Lifestyle

Mom Warns Others After Seatbelt Mistake Almost Cost Child Her Life

by Sarah Hosseini
Updated: 
Originally Published: 
Image via NBC News

The mother of a 6-year-old girl admits seat belt mistakes to warn others

You’re going to be questioning your car seat use, your booster seat use, and how your kids wear their seat belts after hearing what happened to this young girl.

A 6-year-old girl in Virginia has a long road to recovery right now, but she’s on the mend. Little Samantha just got out of the hospital three weeks ago after being in a car crash with her dad coming back from a county fair. They struck a tree. Samantha wasn’t in a booster seat because her mother thought she had outgrown it. The girl had also taken the seat belt, like so many kids, and put the top portion behind her back. The girl’s mom, Shelly Martin describes what it’s like getting the initial phone call in this video from WWBT News 12 in Richmond.

NBC12 – WWBT – Richmond, VA News On Your Side

“It’s awful, I mean it’s torture. You know what I mean? Your mind kind of thinks of all sorts of things. They told me she had facial and head injuries and stomach lacerations and that she was still in surgery and that’s all they would tell me for a couple of hours,” Shelly told local news, WWBT News 12 in Richmond.

Turns out, Samantha was lucky to be alive. The doctors explained that the far edge of the seat belt cut through her abdomen and caused her intestines to come out of her body. The doctor who operated said Samantha was essentially “cut in two.” He said most of it couldn’t be repaired.

Image via WWBT

Samantha suffered from what medical experts call “seat belt syndrome.” Injuries from seat belt syndrome are categorized by spine, abdominal, and head injuries and are caused when only the lap portion of any seat belt is worn.

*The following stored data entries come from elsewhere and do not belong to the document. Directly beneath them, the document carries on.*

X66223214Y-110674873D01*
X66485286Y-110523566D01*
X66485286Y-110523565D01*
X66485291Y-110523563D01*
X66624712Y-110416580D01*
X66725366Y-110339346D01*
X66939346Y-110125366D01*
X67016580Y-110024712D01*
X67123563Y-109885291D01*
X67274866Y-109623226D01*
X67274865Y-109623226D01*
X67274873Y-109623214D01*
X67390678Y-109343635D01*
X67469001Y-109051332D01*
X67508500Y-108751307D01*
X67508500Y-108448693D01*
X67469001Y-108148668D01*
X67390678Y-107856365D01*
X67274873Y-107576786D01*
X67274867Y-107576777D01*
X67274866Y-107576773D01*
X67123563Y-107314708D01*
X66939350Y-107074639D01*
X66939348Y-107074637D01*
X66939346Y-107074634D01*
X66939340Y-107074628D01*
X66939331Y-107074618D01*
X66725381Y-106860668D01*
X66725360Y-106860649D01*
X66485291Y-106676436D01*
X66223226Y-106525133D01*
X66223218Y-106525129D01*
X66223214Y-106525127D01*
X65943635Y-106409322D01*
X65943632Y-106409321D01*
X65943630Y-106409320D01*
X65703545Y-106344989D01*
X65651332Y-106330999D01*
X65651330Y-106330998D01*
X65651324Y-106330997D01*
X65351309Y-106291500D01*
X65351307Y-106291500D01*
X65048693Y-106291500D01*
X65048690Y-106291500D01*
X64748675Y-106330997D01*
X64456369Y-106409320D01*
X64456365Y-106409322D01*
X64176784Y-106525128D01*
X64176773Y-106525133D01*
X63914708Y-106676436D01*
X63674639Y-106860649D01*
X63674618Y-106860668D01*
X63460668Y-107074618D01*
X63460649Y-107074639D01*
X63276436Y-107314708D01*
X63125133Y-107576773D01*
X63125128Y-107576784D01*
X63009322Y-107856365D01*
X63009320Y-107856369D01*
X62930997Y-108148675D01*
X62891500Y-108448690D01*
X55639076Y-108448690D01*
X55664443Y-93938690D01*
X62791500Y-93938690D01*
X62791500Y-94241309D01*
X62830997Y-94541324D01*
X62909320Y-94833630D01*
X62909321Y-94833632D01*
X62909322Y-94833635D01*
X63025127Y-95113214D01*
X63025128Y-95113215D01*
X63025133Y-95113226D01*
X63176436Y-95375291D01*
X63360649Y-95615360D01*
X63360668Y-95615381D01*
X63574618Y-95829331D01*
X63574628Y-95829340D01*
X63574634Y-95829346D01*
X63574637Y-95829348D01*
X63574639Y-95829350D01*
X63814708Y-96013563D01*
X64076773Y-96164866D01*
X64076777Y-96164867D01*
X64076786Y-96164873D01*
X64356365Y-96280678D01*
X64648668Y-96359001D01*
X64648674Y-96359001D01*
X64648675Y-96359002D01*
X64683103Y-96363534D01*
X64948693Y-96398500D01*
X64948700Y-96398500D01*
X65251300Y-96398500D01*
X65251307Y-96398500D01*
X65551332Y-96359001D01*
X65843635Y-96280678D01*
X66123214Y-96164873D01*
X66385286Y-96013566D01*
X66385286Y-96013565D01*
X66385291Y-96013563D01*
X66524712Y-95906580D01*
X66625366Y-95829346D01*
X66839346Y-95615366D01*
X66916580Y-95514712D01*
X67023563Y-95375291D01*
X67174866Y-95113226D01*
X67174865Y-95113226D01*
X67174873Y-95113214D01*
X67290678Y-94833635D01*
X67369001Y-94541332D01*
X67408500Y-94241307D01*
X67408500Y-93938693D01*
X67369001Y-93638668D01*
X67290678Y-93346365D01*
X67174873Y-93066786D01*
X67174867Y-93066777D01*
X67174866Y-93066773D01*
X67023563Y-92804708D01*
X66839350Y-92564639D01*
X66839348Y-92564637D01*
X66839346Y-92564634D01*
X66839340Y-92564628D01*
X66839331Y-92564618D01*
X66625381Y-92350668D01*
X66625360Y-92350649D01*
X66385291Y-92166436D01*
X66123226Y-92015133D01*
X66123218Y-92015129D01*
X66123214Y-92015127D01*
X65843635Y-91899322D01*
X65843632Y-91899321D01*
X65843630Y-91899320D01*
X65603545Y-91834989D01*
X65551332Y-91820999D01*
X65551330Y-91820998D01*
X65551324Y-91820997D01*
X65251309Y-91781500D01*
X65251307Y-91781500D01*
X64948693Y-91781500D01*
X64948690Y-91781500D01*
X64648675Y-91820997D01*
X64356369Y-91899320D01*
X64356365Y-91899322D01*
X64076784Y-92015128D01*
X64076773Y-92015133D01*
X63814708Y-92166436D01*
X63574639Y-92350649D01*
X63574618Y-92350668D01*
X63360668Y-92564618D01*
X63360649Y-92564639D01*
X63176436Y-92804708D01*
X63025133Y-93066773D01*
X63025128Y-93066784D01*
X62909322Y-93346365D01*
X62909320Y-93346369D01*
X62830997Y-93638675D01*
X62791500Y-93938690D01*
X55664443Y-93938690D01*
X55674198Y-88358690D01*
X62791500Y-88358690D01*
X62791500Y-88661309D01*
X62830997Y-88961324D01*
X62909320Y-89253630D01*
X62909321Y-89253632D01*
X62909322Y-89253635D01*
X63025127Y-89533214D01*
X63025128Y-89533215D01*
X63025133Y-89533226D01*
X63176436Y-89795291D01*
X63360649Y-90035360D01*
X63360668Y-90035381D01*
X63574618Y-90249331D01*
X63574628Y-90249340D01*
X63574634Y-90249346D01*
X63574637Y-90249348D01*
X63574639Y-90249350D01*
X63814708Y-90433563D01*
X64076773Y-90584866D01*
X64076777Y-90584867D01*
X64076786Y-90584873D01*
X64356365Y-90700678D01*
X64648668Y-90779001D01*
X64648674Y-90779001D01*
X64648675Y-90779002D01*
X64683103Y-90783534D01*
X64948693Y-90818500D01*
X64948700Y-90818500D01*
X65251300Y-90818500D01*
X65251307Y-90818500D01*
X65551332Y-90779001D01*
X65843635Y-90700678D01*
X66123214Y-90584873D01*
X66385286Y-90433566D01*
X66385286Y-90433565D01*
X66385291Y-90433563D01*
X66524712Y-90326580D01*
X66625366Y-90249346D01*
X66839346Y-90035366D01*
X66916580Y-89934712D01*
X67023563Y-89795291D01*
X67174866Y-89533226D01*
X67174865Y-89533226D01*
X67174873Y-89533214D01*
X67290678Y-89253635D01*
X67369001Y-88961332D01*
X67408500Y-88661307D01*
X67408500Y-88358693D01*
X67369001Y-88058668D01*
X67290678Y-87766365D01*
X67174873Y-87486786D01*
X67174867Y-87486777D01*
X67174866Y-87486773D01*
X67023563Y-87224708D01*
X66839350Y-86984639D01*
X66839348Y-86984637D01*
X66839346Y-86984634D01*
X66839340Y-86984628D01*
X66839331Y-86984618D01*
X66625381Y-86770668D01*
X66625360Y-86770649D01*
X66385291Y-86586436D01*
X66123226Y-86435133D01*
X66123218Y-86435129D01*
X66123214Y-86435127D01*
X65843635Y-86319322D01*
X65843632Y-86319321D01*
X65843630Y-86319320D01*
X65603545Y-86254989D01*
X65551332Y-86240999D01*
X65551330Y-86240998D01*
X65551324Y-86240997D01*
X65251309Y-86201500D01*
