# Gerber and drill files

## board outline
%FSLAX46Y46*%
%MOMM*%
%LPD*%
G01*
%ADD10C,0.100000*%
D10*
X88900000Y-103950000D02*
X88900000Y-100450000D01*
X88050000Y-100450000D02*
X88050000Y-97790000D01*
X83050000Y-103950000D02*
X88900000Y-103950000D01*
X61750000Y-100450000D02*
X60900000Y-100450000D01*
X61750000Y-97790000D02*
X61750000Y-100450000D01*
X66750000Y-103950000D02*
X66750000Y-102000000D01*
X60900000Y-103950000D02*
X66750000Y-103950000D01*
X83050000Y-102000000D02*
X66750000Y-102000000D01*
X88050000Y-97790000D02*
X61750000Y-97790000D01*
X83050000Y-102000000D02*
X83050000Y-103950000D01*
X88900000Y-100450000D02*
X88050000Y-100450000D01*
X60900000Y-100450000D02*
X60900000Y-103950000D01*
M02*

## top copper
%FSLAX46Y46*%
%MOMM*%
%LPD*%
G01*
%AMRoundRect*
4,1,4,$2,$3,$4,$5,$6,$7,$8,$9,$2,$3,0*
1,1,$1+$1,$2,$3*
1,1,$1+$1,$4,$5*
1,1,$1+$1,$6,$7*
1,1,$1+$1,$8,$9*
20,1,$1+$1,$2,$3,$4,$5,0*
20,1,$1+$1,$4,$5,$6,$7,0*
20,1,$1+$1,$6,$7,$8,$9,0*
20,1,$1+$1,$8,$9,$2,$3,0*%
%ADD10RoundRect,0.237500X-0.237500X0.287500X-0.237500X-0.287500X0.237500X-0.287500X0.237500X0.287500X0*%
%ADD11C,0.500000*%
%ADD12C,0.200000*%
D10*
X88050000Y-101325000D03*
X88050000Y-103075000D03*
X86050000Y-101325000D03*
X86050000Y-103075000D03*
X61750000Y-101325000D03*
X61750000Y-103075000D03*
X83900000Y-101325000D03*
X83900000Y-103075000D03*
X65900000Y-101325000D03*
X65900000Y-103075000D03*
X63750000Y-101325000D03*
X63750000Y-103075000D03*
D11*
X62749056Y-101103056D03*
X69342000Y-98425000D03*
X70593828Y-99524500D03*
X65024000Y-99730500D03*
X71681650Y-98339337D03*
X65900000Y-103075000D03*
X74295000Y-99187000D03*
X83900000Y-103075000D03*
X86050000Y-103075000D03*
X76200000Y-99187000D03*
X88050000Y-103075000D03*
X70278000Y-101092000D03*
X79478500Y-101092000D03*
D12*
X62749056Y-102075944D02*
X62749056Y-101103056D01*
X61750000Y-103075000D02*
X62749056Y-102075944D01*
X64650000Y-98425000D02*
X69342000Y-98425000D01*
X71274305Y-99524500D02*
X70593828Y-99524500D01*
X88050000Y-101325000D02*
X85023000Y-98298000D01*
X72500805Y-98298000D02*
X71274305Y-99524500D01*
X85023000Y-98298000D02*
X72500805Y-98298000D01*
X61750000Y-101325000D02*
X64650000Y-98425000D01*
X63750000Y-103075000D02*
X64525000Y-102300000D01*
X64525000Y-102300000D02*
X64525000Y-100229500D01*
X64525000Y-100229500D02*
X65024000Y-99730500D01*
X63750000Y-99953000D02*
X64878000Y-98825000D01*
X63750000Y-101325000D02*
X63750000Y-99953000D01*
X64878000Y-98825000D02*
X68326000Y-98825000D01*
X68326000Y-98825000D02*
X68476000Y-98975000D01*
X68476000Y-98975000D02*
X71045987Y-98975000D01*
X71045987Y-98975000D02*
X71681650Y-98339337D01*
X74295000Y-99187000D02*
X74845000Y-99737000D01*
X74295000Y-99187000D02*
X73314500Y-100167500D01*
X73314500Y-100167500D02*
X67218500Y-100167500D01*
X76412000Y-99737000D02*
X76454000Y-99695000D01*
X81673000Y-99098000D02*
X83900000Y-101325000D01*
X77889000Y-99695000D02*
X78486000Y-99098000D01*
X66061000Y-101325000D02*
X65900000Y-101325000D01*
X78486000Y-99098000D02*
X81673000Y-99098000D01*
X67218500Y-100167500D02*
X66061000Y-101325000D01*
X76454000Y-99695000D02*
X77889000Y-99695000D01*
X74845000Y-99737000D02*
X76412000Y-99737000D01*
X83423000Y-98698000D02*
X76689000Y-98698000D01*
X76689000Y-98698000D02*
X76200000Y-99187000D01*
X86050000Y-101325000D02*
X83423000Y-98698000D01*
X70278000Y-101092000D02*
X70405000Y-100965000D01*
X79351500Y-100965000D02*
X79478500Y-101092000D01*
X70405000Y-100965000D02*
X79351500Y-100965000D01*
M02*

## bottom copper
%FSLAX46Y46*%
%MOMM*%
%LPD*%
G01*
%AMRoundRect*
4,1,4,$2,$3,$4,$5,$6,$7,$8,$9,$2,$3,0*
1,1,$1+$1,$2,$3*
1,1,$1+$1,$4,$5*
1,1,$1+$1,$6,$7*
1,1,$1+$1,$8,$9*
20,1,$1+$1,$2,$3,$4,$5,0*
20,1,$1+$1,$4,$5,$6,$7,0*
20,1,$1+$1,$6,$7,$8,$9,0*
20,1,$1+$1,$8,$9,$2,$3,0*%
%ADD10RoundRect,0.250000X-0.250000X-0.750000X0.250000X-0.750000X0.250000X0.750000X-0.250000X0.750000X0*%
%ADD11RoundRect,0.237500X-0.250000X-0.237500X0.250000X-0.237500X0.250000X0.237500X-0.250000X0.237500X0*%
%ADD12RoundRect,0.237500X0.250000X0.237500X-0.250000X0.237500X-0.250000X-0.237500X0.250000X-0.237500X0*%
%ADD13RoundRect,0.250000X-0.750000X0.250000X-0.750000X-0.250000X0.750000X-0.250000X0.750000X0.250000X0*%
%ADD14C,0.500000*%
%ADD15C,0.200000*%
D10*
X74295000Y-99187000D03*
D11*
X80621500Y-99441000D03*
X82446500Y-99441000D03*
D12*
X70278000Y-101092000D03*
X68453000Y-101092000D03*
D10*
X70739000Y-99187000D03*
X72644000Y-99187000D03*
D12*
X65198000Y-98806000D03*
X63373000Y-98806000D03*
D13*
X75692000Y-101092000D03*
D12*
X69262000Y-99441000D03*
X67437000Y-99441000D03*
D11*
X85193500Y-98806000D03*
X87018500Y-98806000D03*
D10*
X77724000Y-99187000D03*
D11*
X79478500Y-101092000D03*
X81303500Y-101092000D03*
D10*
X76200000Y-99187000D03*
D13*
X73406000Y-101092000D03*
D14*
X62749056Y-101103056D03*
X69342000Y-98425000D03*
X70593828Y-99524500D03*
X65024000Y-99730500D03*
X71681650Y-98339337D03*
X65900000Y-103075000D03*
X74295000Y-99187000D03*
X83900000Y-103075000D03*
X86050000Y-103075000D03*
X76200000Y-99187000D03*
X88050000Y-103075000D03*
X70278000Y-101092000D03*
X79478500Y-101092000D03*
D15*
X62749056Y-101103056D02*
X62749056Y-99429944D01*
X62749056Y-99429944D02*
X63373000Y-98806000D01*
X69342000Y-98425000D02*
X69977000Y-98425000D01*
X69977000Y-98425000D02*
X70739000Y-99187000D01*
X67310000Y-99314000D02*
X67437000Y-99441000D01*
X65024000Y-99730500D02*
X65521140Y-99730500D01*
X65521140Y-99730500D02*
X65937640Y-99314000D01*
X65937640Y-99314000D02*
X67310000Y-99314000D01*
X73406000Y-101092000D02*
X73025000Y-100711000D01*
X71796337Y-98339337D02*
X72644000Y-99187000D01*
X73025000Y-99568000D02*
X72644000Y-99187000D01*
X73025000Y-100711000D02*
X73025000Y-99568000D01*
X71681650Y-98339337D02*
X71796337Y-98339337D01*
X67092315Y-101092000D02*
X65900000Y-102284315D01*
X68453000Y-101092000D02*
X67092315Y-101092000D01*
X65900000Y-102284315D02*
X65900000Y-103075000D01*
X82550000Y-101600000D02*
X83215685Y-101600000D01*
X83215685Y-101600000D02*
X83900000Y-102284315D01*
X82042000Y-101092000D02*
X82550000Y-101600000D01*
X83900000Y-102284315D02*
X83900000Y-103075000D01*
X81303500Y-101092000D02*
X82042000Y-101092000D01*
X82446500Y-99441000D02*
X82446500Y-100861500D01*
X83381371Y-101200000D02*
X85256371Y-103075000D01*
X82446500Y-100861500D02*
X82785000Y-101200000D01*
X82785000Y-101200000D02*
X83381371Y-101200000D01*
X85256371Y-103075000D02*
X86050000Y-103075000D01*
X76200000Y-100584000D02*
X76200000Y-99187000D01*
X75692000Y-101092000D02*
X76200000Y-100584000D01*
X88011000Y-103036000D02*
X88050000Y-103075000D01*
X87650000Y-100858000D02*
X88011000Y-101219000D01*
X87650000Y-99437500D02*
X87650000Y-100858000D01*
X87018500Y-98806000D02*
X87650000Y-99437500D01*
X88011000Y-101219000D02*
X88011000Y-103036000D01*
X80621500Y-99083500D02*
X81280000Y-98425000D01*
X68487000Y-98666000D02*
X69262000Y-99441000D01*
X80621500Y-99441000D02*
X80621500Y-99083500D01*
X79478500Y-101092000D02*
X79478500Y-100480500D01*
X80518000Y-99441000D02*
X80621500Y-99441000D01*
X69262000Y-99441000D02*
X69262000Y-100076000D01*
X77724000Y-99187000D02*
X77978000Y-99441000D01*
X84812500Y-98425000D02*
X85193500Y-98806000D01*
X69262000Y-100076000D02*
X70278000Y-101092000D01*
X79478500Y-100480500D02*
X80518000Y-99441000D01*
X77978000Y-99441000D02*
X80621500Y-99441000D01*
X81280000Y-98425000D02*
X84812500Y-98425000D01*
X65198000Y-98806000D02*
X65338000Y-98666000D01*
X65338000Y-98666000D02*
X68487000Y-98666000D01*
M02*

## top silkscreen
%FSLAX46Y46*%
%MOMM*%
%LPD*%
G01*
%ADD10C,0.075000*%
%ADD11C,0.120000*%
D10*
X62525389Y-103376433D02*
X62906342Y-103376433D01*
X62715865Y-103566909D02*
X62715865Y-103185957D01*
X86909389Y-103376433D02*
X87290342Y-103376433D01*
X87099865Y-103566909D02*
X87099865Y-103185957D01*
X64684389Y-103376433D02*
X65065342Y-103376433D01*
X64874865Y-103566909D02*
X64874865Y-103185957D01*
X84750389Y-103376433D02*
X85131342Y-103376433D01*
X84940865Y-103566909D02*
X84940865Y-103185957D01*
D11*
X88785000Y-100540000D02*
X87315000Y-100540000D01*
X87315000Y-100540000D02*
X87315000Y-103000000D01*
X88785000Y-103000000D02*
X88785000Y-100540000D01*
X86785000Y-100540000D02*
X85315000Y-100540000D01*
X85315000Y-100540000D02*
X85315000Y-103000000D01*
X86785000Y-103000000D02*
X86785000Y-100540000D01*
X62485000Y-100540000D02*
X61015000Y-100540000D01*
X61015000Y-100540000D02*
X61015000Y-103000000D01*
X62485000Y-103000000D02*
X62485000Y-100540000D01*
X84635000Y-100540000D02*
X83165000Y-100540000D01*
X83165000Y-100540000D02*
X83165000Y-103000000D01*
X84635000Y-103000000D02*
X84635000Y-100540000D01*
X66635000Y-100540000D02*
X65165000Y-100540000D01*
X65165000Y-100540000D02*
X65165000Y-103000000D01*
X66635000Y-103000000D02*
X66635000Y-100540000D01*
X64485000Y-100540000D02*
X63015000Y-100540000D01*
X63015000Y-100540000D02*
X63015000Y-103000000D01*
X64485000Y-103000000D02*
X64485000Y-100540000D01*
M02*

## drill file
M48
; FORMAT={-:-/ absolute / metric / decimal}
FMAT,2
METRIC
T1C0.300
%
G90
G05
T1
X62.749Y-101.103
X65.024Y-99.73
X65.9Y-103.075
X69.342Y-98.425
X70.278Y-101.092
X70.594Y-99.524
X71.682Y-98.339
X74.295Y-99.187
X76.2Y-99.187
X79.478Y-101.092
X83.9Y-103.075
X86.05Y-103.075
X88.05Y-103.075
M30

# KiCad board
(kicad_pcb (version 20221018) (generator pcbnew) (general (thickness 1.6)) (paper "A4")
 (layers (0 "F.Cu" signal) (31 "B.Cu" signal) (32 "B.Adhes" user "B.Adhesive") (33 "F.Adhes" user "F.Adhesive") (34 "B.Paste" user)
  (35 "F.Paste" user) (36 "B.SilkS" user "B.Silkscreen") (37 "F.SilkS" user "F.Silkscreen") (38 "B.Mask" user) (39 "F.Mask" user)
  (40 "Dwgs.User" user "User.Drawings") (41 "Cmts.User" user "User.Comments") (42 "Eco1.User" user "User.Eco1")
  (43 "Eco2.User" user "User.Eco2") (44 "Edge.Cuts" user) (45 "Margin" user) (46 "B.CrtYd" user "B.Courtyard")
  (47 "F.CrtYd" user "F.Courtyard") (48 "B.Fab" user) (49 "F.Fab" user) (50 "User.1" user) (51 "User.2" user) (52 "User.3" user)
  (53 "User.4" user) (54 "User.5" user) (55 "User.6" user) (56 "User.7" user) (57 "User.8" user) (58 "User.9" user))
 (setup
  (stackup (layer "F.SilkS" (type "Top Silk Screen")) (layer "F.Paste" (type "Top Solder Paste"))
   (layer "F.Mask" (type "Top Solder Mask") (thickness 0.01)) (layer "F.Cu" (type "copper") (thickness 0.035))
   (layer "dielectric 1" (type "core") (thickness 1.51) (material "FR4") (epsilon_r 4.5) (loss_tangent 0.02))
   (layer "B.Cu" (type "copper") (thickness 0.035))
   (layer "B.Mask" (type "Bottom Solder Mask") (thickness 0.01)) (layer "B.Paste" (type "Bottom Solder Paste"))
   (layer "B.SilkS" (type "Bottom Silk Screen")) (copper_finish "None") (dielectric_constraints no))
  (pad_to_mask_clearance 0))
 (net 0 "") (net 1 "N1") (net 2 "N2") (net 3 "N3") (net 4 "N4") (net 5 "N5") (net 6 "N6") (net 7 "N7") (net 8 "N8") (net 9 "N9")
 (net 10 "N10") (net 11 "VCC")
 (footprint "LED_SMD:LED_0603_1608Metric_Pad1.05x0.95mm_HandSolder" (layer "F.Cu") (at 88.05 102.2 -90)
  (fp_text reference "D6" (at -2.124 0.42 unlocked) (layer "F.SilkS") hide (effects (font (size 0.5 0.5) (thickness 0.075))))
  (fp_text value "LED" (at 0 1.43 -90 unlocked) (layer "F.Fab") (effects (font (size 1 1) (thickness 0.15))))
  (fp_line (start -1.66 -0.735) (end -1.66 0.735) (stroke (width 0.12) (type solid)) (layer "F.SilkS"))
  (fp_line (start -1.66 0.735) (end 0.8 0.735) (stroke (width 0.12) (type solid)) (layer "F.SilkS"))
  (fp_line (start 0.8 -0.735) (end -1.66 -0.735) (stroke (width 0.12) (type solid)) (layer "F.SilkS"))
  (pad "1" smd roundrect (at -0.875 0 270) (size 1.05 0.95) (layers "F.Cu" "F.Paste" "F.Mask") (roundrect_rratio 0.25) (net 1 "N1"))
  (pad "2" smd roundrect (at 0.875 0 270) (size 1.05 0.95) (layers "F.Cu" "F.Paste" "F.Mask") (roundrect_rratio 0.25) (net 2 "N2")))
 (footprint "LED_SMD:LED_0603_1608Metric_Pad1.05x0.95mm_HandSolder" (layer "F.Cu") (at 86.05 102.2 -90)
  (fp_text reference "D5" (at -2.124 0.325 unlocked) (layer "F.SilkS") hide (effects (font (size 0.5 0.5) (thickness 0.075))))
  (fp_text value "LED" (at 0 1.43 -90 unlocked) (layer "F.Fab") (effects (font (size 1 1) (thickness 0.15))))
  (fp_line (start -1.66 -0.735) (end -1.66 0.735) (stroke (width 0.12) (type solid)) (layer "F.SilkS"))
  (fp_line (start -1.66 0.735) (end 0.8 0.735) (stroke (width 0.12) (type solid)) (layer "F.SilkS"))
  (fp_line (start 0.8 -0.735) (end -1.66 -0.735) (stroke (width 0.12) (type solid)) (layer "F.SilkS"))
  (pad "1" smd roundrect (at -0.875 0 270) (size 1.05 0.95) (layers "F.Cu" "F.Paste" "F.Mask") (roundrect_rratio 0.25) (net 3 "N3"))
  (pad "2" smd roundrect (at 0.875 0 270) (size 1.05 0.95) (layers "F.Cu" "F.Paste" "F.Mask") (roundrect_rratio 0.25) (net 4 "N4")))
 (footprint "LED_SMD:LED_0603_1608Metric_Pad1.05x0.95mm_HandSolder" (layer "F.Cu") (at 61.75 102.2 -90)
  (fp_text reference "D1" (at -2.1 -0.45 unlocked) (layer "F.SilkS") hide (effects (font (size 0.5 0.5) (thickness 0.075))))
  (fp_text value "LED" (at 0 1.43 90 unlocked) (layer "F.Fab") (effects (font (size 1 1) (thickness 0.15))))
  (fp_line (start -1.66 -0.735) (end -1.66 0.735) (stroke (width 0.12) (type solid)) (layer "F.SilkS"))
  (fp_line (start -1.66 0.735) (end 0.8 0.735) (stroke (width 0.12) (type solid)) (layer "F.SilkS"))
  (fp_line (start 0.8 -0.735) (end -1.66 -0.735) (stroke (width 0.12) (type solid)) (layer "F.SilkS"))
  (pad "1" smd roundrect (at -0.875 0 270) (size 1.05 0.95) (layers "F.Cu" "F.Paste" "F.Mask") (roundrect_rratio 0.25) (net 1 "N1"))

Samantha is home now and had to have a binder around her belly to hold it together until she’s healed. After all she went through, Shelly is now urging parents to understand exactly how child safety seats work, how seat belts should be worn, and when it’s OK to move a kid from their safety seat. She’s speaking out against the dangers, even if it means admitting her and Samantha’s father’s mistakes.

“A lot of people seem to think that when the children don’t fit so easily in the booster, that it’s okay to take them out of the booster. That’s not the case,” said Shelly.

Shelly is exactly right and expert tips back her up. According to The Car Seat Lady, the harness straps must be snug like a hug on a child… snugger than most parents think they should be and snugger than most parents make them.

The other factor to consider is whether your child is ready to move to a booster seat. “With many seats going to 65 pounds and some to 90 pounds with the harness, it is not required that the child reach the limit of the car seat before moving to a booster,” Alisa Baer of The Car Seat Lady tells Scary Mommy. “On the flip side, there are some car seats that have very low height and weight limits such that many three-year-olds will be too big for them… and three year olds are not ready for boosters. With the way many of the car seat head rests are designed, the child would need to be about 10 inches too tall for the seat before their ears started peeking out above the top of the car seat.”

Lastly, Samantha moved the shoulder strap behind her in the car. According to Baer, “doing so increases injury risk to the abdomen and lower spinal cord as without the shoulder belt to hold your upper body back, you now jack-knife over yourself in a crash, and since you bend at your belly button and not your hip bones, the lap belt slides up over the hip bones and to the belly button area. With the lap belt on the belly button area, all the crash forces are now applied to the middle of the abdomen which is not strong enough to withstand all the crash forces and the lap belt can literally cut through all the soft internal organs (as happened to the child in the story) and can go deep enough that it even tears through the lower spinal cord leaving the child paralyzed.”

Shelly recounted sleeping every night by her child’s side in the hospital. And the aching feeling that it didn’t have to be that way.

“Because stuff happens so quickly, so quickly,” said Shelly. “And you’ll just be, I mean, there’s always going to be that guilt about, ya know, we should’ve done better. This was completely avoidable.”